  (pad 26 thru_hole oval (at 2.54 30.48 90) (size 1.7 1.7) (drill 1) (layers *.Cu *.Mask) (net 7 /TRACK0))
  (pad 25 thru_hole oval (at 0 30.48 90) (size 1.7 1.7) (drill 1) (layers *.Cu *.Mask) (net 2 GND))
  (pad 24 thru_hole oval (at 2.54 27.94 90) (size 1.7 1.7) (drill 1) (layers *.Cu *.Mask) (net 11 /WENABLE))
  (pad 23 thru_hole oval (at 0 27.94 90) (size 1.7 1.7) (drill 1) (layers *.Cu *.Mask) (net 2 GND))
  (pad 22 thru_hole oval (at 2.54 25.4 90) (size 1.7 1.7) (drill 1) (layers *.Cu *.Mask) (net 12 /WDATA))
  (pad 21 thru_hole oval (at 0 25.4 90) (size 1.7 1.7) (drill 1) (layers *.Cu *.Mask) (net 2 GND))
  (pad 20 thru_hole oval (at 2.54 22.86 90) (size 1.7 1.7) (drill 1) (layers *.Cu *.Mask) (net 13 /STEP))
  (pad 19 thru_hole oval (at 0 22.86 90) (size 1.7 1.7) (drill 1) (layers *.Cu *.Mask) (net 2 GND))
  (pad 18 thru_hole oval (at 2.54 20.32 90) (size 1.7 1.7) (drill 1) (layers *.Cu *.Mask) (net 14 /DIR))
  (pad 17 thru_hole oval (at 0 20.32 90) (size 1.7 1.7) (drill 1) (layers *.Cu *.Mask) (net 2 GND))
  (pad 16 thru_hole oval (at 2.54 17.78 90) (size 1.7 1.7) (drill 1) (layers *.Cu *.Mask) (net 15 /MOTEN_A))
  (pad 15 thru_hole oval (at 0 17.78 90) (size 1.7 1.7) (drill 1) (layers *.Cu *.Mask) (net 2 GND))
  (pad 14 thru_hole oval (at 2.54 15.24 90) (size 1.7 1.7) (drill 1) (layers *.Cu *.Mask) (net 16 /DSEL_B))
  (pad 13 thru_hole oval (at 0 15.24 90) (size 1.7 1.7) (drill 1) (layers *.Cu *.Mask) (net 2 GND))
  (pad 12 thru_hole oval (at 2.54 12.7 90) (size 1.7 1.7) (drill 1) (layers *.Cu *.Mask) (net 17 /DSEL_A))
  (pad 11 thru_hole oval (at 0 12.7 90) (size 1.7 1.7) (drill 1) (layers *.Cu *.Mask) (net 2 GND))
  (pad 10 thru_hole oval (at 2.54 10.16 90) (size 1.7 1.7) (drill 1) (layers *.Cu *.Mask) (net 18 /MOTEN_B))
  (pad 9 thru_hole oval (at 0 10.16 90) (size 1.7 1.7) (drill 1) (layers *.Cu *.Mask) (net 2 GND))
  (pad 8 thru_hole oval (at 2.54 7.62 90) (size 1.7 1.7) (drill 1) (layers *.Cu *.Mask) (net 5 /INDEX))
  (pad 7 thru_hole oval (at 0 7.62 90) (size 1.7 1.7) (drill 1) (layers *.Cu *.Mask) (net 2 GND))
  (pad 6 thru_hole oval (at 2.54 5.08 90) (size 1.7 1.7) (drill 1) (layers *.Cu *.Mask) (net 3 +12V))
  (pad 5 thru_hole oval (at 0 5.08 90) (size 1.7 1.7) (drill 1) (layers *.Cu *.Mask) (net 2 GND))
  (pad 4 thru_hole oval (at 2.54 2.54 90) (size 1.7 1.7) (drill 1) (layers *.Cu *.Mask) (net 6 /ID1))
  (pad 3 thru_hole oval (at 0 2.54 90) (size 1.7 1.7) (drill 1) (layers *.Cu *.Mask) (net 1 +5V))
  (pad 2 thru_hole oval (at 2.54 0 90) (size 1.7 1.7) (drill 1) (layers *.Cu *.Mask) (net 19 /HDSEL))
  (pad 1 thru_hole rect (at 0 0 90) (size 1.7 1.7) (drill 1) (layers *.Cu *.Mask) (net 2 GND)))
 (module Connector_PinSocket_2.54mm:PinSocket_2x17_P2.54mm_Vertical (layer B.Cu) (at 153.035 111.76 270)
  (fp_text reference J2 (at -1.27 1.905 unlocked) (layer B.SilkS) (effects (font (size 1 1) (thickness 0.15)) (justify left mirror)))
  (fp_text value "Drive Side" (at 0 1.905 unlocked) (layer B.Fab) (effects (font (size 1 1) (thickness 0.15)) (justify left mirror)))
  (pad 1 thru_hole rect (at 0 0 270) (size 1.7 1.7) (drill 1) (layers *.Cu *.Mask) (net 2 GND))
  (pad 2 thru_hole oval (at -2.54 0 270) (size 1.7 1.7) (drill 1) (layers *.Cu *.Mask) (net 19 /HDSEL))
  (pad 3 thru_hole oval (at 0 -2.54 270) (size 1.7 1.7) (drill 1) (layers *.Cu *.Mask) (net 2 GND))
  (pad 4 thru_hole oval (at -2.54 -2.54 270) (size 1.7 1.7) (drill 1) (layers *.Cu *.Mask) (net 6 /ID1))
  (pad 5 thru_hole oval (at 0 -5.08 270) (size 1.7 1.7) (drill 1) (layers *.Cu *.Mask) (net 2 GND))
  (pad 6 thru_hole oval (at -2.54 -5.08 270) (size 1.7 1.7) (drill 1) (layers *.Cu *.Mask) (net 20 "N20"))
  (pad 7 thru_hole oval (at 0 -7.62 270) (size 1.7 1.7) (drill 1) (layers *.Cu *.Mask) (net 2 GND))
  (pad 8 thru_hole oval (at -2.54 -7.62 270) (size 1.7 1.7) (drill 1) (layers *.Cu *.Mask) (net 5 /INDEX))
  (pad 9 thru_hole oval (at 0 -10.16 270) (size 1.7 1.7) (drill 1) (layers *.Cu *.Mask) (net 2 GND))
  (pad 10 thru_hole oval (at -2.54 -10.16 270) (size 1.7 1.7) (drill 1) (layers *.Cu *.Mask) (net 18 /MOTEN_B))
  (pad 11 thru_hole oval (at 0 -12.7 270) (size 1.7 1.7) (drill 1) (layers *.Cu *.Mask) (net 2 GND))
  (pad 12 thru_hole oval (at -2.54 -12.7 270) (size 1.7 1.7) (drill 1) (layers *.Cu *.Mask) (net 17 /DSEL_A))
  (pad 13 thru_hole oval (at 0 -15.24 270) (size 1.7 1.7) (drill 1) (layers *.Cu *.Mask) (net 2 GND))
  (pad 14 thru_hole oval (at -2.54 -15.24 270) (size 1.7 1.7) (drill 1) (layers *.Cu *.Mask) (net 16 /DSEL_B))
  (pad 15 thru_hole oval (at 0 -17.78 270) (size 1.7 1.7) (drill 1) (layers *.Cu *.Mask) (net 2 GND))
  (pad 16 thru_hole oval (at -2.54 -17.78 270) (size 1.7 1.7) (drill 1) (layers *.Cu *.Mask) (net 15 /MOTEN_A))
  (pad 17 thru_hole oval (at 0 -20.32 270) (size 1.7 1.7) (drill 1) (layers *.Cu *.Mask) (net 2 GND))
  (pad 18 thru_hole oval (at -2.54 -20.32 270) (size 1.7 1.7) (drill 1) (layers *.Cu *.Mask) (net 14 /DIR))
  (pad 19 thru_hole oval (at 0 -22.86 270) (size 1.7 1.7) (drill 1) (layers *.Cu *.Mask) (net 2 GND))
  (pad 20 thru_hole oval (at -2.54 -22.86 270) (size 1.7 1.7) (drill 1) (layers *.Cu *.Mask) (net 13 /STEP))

§

> **Exercise prompt**
Search the data above for the word "INDEX" and show every line that has it.

> **Response to this task**
  (pad 8 thru_hole oval (at 2.54 7.62 90) (size 1.7 1.7) (drill 1) (layers *.Cu *.Mask) (net 5 /INDEX))
  (pad 8 thru_hole oval (at -2.54 -7.62 270) (size 1.7 1.7) (drill 1) (layers *.Cu *.Mask) (net 5 /INDEX))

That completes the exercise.